# Switching between open and closed position in mid-melody?



## Gargamel

Usually when composing a song, all of my melody is in open voicing, or closed voicing, depending on how the melody aligns with the chords. (Ie. the entire chorus may be in open voicing, and the entire verse may be in closed position.) But sometimes I can't make a cadence without switching from open voicing to closed voicing in the very end. What are other situations/examples where you need to make this switch?


----------



## EdwardBast

Could you please clarify what you're asking?: 

What instrument(s) are playing the chords? 

Why is changing the voicing an issue? 

Is there any way you can give an example of where this issue comes up at a cadence?


----------



## Gargamel

EdwardBast said:


> Could you please clarify what you're asking?:
> 
> What instrument(s) are playing the chords?
> 
> Why is changing the voicing an issue?
> 
> Is there any way you can give an example of where this issue comes up at a cadence?


I'm just curious if switching from open to closed position or vice versa is something composers generally do _in the middle of a _subject/melody. I should probably grab some theory books but that might take some browsing about, if you don't know where to look. (Music is just a little hobby of mine.)

But ok then, let's talk about me. My instrument is mainly piano. Here's a little song I composed. I think it sounds good, but on paper the final two bars look like a mess, where I had to squeeze in the 7th chords and resorted to switching back-and-forth between open voicing and closed voicing to get the sound I wanted. (I'm sure this is certainly not proper four-part voicing.)









Sounds like this:
https://easyupload.io/e9hig7


----------



## EdwardBast

I should have asked one more question above: Are you working to gain proficiency in classical (in the broad sense, not a specific era) harmony and part writing? If so, I would answer your question about changing voicings by saying that changing from open to closed voicings (among other strategies) can be helpful in assuring that the voices move independently. Independent motion among the various lines is a primary value in classical voice-leading. With independence of voices in mind: in mm. 2, 6, and the last half of 4, all your voices are moving in parallel motion. In mm. 2 and 6 there are really only two voices because the alto doubles the tenor at the octave, and the soprano doubles the bass at two octaves. These passages sound smooth and harmonious, of course, because there are only consonant intervals. 

Regarding the 7th chords. Both times you use a dominant 7th chord (first beat of m. 4 and the last two beats of m. 8), the 7ths don't resolve by step, as they should in this style, but rather leap. You should work on the resolution of 7th chords.


----------



## Gargamel

EdwardBast said:


> I should have asked one more question above: Are you working to gain proficiency in classical (in the broad sense, not a specific era) harmony and part writing?
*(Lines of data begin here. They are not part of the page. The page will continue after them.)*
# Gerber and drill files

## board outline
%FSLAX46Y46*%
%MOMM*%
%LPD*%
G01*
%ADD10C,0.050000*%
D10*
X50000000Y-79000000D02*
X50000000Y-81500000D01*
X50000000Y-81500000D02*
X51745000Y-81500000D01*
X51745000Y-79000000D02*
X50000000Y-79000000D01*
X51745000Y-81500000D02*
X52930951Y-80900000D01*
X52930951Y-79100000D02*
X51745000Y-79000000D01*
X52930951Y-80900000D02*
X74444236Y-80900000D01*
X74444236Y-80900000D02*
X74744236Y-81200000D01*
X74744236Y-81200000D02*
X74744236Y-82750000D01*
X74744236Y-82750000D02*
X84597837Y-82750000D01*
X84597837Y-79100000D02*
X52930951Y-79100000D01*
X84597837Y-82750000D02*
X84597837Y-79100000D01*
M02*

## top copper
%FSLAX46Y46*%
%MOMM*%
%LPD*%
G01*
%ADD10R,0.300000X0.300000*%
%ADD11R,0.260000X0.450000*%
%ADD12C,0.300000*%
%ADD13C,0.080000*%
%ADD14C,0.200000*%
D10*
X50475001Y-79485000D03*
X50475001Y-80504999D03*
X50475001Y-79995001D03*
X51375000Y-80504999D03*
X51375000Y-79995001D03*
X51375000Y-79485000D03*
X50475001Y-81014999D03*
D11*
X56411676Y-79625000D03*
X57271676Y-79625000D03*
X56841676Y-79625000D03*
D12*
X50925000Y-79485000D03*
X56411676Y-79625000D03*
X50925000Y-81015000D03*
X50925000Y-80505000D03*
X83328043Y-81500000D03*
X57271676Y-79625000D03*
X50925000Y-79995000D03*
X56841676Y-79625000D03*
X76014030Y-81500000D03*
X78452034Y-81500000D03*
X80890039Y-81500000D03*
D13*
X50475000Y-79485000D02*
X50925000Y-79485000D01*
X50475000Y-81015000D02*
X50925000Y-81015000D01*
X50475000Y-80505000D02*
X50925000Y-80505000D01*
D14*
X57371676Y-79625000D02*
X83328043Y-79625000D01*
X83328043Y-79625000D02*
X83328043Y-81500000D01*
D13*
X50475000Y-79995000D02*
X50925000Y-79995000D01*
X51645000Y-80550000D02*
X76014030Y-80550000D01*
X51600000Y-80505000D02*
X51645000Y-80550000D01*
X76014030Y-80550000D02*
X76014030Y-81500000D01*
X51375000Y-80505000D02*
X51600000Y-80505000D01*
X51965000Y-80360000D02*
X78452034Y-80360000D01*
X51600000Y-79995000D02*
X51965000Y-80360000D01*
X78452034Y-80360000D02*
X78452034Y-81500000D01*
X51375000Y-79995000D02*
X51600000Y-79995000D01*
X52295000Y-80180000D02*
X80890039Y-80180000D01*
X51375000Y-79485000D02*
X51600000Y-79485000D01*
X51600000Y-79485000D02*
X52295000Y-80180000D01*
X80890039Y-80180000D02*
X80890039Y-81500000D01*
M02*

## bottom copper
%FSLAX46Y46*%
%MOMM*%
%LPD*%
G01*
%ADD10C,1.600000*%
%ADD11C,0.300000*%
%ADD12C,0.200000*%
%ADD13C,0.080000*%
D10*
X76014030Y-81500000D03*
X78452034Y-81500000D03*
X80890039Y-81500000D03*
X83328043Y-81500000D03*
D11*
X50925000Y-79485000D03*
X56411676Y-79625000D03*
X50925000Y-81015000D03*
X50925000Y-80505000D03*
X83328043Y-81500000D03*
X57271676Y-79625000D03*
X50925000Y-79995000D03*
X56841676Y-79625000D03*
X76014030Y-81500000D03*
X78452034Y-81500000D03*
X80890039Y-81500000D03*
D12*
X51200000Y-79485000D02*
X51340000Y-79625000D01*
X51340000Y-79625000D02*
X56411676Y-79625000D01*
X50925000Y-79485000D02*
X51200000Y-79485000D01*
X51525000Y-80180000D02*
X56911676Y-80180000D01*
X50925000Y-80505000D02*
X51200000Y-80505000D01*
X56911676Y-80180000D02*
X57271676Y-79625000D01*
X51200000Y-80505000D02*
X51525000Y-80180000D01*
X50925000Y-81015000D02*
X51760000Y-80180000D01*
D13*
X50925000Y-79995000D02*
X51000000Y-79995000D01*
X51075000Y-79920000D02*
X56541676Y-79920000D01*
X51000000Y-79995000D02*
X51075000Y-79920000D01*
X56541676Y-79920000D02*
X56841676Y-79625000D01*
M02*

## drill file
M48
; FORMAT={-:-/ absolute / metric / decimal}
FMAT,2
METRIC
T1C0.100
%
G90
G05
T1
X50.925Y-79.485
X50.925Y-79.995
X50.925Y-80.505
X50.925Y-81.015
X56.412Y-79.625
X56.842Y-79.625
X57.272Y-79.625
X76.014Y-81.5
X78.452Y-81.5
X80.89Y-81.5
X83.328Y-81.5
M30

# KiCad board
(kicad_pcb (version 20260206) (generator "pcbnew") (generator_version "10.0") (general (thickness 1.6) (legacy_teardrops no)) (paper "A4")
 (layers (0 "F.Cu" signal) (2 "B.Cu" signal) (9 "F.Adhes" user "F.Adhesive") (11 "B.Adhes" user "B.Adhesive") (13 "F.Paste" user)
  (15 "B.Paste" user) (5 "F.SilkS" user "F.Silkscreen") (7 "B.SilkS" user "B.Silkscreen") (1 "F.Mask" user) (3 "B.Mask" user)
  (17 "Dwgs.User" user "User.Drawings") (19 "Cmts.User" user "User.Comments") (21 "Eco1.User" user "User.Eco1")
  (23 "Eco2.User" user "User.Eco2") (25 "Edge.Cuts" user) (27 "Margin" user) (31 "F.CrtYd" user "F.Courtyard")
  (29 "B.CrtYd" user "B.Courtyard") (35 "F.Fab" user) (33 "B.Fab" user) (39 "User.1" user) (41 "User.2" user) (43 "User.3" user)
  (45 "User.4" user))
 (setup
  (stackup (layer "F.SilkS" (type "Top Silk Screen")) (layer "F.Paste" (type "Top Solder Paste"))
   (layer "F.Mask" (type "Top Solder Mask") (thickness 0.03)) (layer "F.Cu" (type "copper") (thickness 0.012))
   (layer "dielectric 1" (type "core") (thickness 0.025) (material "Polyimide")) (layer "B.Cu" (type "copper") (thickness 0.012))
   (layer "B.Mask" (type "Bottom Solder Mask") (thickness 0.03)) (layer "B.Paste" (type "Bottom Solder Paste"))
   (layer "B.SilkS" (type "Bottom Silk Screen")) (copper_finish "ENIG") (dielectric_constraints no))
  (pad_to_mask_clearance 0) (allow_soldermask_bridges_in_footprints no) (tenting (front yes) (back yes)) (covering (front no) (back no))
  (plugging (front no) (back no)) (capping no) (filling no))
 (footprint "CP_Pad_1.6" (layer "F.Cu") (at 76.01403 81.5)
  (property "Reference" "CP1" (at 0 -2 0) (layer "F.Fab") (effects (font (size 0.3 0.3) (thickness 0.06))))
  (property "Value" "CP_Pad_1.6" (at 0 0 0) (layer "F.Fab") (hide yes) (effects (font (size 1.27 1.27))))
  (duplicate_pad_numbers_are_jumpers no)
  (pad "1" smd circle (at 0 0) (size 1.6 1.6) (layers "B.Cu" "B.Mask") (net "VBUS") (solder_mask_margin 0.1)))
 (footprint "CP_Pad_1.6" (layer "F.Cu") (at 83.328043 81.5)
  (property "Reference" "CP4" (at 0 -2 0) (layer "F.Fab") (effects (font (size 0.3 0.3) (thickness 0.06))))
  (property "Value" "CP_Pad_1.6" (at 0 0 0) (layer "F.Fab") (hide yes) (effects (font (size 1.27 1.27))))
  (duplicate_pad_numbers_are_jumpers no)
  (pad "1" smd circle (at 0 0) (size 1.6 1.6) (layers "B.Cu" "B.Mask") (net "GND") (solder_mask_margin 0.1)))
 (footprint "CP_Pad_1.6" (layer "F.Cu") (at 80.890039 81.5)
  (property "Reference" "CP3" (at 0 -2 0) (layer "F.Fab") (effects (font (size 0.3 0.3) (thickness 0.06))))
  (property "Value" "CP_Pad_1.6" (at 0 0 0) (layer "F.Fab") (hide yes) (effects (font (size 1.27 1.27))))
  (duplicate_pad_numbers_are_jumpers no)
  (pad "1" smd circle (at 0 0) (size 1.6 1.6) (layers "B.Cu" "B.Mask") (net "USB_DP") (solder_mask_margin 0.1)))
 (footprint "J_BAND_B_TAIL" (layer "F.Cu") (at 50.9 80.25)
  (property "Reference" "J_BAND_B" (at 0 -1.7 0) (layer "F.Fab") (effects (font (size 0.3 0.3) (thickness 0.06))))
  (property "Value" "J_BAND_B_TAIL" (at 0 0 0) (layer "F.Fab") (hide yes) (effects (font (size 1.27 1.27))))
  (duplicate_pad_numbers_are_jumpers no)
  (pad "1" smd rect (at -0.424999 -0.765) (size 0.3 0.3) (layers "F.Cu" "F.Mask") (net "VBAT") (solder_mask_margin 0.05)
   (thermal_bridge_angle 45))
  (pad "2" smd rect (at -0.424999 0.254999) (size 0.3 0.3) (layers "F.Cu" "F.Mask") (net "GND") (solder_mask_margin 0.05)
   (thermal_bridge_angle 45))
  (pad "3" smd rect (at -0.424999 -0.254999) (size 0.3 0.3) (layers "F.Cu" "F.Mask") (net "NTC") (solder_mask_margin 0.05)
   (thermal_bridge_angle 45))
  (pad "4" smd rect (at 0.475 0.254999) (size 0.3 0.3) (layers "F.Cu" "F.Mask") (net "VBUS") (solder_mask_margin 0.05)
   (thermal_bridge_angle 45))
  (pad "5" smd rect (at 0.475 -0.254999) (size 0.3 0.3) (layers "F.Cu" "F.Mask") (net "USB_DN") (solder_mask_margin 0.05)
   (thermal_bridge_angle 45))
  (pad "6" smd rect (at 0.475 -0.765) (size 0.3 0.3) (layers "F.Cu" "F.Mask") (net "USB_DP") (solder_mask_margin 0.05)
If so, I would answer your question about changing voicings by saying that changing from open to closed voicings (among other strategies) can be helpful in assuring that the voices move independently...
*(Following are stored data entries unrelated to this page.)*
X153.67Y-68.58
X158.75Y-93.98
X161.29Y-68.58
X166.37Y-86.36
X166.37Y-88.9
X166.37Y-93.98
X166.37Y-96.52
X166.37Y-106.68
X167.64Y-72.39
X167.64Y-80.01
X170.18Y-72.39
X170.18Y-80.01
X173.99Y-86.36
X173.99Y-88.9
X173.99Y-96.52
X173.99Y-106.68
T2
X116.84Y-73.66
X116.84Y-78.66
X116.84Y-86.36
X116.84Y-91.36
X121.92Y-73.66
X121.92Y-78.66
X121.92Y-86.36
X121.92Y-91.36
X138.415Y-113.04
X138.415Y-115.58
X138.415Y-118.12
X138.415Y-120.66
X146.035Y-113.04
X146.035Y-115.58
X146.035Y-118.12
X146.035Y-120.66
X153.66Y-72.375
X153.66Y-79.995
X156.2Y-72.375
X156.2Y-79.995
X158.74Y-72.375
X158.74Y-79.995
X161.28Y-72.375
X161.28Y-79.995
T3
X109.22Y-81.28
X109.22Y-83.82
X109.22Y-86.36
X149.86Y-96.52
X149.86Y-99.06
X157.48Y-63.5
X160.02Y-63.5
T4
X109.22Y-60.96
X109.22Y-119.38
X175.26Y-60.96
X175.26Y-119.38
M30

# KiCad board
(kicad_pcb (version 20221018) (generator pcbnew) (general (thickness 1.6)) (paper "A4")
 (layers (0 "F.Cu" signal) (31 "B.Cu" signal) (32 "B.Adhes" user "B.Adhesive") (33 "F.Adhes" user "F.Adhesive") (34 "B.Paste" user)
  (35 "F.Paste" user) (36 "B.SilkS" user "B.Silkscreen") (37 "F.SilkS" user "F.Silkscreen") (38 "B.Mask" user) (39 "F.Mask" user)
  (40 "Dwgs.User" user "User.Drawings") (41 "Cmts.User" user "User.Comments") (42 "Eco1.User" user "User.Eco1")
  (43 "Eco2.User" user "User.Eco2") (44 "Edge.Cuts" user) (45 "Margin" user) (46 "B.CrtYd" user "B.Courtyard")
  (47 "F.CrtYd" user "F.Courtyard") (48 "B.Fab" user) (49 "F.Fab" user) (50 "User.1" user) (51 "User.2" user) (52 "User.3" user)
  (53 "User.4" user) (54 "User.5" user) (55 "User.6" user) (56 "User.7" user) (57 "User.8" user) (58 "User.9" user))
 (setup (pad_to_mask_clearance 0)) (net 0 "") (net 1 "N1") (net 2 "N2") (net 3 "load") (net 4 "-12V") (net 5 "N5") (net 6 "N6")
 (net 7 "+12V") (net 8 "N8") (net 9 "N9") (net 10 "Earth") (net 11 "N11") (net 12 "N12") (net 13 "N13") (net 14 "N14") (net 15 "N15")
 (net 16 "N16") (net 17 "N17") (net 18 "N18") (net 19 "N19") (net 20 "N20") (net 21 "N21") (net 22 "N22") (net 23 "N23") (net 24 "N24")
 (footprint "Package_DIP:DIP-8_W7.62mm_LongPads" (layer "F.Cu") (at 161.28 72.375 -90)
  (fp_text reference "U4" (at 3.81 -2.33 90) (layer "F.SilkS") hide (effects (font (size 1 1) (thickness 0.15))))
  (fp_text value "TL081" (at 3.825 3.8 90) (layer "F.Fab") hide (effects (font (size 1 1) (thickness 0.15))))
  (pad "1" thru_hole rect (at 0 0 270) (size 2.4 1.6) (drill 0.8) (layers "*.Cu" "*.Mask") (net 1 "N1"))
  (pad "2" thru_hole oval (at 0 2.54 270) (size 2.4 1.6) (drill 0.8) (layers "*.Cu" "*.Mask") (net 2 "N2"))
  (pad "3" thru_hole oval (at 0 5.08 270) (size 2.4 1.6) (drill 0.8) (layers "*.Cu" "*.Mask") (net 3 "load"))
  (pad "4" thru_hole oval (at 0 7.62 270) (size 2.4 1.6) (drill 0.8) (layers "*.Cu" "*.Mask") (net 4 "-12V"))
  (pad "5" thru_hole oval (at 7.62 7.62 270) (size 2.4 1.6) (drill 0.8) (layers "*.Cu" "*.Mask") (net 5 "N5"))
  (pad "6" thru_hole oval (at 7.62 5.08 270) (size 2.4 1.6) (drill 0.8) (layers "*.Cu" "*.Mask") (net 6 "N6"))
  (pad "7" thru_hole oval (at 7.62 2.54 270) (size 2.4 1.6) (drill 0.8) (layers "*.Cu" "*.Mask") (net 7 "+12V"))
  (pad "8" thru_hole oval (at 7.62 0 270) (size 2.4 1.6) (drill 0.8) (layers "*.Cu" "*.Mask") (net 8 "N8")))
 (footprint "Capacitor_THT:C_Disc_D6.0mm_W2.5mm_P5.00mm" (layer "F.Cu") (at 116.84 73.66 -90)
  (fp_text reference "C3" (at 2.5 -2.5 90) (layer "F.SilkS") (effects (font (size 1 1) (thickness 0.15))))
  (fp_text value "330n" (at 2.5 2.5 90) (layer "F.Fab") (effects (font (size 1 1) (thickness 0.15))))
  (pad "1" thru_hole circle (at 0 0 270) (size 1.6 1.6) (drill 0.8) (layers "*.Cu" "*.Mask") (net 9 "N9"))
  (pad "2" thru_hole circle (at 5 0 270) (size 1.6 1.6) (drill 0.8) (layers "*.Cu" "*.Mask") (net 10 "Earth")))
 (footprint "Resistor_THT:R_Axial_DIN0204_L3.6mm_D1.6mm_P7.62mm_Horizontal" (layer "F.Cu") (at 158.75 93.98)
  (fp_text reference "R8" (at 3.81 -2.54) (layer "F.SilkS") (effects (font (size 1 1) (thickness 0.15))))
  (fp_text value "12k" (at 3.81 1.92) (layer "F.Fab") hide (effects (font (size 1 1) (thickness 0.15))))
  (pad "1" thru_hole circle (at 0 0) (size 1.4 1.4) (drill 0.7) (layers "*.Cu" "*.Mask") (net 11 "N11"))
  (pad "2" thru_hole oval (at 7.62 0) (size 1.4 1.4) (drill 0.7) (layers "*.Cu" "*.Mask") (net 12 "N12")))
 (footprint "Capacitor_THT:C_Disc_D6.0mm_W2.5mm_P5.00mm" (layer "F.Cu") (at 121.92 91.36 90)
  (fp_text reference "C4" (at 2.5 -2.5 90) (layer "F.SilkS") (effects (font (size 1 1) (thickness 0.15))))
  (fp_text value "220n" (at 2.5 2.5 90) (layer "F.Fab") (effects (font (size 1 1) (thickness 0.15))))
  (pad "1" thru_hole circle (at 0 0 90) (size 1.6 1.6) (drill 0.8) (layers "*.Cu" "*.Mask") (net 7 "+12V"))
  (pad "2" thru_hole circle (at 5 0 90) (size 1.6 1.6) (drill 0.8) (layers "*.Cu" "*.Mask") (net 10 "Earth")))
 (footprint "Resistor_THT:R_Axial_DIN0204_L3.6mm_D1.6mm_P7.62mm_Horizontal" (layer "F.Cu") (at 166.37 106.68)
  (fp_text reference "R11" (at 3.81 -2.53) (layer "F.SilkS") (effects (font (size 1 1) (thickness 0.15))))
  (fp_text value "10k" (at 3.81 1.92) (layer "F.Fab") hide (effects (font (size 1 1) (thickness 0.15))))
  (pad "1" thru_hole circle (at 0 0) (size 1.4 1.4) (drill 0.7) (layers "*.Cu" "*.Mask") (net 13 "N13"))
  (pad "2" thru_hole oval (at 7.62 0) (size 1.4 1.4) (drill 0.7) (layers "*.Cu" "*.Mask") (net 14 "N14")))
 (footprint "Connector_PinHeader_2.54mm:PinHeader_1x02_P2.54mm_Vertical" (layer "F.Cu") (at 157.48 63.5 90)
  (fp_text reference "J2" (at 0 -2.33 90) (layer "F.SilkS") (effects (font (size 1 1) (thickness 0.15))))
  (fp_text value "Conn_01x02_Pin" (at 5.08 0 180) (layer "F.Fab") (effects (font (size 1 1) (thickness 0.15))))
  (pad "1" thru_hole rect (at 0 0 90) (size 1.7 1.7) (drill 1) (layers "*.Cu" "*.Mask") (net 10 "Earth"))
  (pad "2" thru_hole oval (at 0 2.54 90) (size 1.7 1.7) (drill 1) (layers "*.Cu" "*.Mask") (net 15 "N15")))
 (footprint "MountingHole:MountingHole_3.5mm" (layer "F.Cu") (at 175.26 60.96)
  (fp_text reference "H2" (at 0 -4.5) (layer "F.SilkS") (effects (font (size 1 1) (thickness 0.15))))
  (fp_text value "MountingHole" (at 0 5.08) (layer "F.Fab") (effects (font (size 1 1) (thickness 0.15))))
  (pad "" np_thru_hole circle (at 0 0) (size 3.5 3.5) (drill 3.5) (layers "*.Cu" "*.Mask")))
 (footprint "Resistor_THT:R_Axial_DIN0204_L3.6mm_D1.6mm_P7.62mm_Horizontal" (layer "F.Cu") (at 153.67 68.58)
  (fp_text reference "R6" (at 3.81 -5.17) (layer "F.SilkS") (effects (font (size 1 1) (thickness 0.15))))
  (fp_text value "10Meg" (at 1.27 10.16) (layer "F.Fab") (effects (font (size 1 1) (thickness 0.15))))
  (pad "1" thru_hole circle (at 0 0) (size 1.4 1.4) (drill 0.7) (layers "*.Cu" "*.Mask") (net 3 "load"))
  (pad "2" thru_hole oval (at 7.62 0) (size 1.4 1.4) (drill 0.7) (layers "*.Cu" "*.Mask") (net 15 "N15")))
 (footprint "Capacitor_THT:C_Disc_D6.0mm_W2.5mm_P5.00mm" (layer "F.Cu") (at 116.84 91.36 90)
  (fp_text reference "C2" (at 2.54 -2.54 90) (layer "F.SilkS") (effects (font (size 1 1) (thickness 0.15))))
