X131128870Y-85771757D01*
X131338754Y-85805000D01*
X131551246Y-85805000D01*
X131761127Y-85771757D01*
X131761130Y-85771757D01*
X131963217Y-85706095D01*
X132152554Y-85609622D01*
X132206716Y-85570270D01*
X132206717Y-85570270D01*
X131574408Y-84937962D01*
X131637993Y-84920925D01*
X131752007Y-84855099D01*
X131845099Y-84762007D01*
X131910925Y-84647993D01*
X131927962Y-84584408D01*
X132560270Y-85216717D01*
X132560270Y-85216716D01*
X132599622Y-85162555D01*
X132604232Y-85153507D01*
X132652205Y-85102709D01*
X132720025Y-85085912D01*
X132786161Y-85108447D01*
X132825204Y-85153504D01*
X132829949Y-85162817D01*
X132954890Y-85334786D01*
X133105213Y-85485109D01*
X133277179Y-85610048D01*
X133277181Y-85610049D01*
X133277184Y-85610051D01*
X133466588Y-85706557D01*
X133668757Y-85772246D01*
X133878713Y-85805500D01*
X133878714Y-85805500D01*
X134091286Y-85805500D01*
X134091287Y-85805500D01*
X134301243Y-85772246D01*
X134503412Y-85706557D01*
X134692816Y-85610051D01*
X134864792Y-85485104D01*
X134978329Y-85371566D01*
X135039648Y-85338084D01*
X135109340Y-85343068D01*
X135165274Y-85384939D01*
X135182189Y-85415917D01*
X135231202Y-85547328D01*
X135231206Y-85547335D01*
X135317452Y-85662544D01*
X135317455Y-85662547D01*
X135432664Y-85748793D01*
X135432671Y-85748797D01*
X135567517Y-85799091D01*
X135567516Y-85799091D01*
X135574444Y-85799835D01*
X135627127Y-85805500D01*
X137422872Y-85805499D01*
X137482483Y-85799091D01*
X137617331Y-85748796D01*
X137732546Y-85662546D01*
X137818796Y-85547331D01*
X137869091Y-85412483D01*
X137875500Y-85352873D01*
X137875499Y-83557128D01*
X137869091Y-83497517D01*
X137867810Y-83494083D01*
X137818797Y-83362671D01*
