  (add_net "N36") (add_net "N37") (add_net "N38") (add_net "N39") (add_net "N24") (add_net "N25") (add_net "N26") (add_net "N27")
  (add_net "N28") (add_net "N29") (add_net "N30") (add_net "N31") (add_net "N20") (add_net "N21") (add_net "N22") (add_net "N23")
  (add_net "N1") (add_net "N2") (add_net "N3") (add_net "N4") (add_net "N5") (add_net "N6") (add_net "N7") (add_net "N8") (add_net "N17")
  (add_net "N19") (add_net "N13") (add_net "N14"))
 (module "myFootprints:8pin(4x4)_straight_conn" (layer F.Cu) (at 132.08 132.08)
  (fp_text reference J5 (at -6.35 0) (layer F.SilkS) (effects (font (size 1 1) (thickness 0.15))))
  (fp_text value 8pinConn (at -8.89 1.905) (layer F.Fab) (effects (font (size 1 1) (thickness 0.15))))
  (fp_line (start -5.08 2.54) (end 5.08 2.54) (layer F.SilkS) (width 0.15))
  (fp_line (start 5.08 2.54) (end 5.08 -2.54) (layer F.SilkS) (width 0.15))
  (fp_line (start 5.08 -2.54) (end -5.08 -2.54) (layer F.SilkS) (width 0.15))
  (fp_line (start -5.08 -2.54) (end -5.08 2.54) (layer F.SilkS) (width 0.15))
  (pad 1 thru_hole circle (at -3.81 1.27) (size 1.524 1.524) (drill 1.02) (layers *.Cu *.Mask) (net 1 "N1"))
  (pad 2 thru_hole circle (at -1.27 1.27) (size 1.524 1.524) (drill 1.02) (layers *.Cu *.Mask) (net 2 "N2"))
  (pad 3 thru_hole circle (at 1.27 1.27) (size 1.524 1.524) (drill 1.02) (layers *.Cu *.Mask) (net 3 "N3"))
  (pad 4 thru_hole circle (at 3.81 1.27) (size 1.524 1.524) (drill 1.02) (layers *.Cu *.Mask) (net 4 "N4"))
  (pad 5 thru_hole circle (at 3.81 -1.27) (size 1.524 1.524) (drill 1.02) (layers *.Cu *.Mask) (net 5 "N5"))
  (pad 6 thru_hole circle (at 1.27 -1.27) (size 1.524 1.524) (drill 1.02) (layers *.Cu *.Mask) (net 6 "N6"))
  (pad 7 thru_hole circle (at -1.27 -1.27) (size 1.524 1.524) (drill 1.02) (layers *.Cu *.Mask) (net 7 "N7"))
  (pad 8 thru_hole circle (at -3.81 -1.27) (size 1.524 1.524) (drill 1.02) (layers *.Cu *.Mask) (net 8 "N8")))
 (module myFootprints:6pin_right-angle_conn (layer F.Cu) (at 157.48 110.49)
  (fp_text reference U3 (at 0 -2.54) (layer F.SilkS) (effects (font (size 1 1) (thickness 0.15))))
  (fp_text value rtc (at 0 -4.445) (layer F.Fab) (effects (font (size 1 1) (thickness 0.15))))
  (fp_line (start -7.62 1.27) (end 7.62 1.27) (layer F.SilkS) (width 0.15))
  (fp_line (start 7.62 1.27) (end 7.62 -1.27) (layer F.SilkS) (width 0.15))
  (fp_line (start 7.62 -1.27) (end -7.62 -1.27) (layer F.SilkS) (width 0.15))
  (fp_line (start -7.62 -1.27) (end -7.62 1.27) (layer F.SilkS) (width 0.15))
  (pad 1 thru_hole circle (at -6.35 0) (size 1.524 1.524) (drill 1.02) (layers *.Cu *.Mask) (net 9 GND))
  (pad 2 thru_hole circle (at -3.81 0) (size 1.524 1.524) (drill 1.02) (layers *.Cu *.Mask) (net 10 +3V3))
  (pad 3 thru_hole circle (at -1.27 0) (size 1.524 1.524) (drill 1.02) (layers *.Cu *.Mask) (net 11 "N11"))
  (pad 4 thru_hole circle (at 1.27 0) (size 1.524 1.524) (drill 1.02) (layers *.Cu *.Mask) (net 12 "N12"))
Yeah, I originally made several attempts to resolve the 7ths by step, and failed. I have some vague idea of how it's done, so I'm gonna try again soon. In response to your first question, yes, I'm picking up stuff about harmony and part writing as I go along. I think it's a must, whether you're composing classical music, or working with short popular tunes, diatonic, as I am. (Frequently I just play them on guitar, in the way which is the most accessible way on the fingers, instead of being conscious of inversions or drop voicings.)


----------



## Gargamel

EdwardBast said:


> I should have asked one more question above: Are you working to gain proficiency in classical (in the broad sense, not a specific era) harmony and part writing? If so, I would answer your question about changing voicings by saying that changing from open to closed voicings (among other strategies) can be helpful in assuring that the voices move independently. Independent motion among the various lines is a primary value in classical voice-leading. With independence of voices in mind: in mm. 2, 6, and the last half of 4, all your voices are moving in parallel motion. In mm. 2 and 6 there are really only two voices because the alto doubles the tenor at the octave, and the soprano doubles the bass at two octaves. These passages sound smooth and harmonious, of course, because there are only consonant intervals.
> 
> Regarding the 7th chords. Both times you use a dominant 7th chord (first beat of m. 4 and the last two beats of m. 8), the 7ths don't resolve by step, as they should in this style, but rather leap. You should work on the resolution of 7th chords.


Here's a new version I made. This time I gave more thought to the independency of voices, instead of thinking in terms of open/closed voicing. (I think it's convention here to use 8va.) One reason why I chose this melody as an example was because of its great contrast, from lightness to depth, between the beginning and the end. So I won't get away with being lazy, as in most of my melodies 









For listening:
https://easyupload.io/0ulc4y


----------



## Gargamel

sctraffic2 said:


> Thanks for your precious post.


Eh, I hoped people would understand art.


----------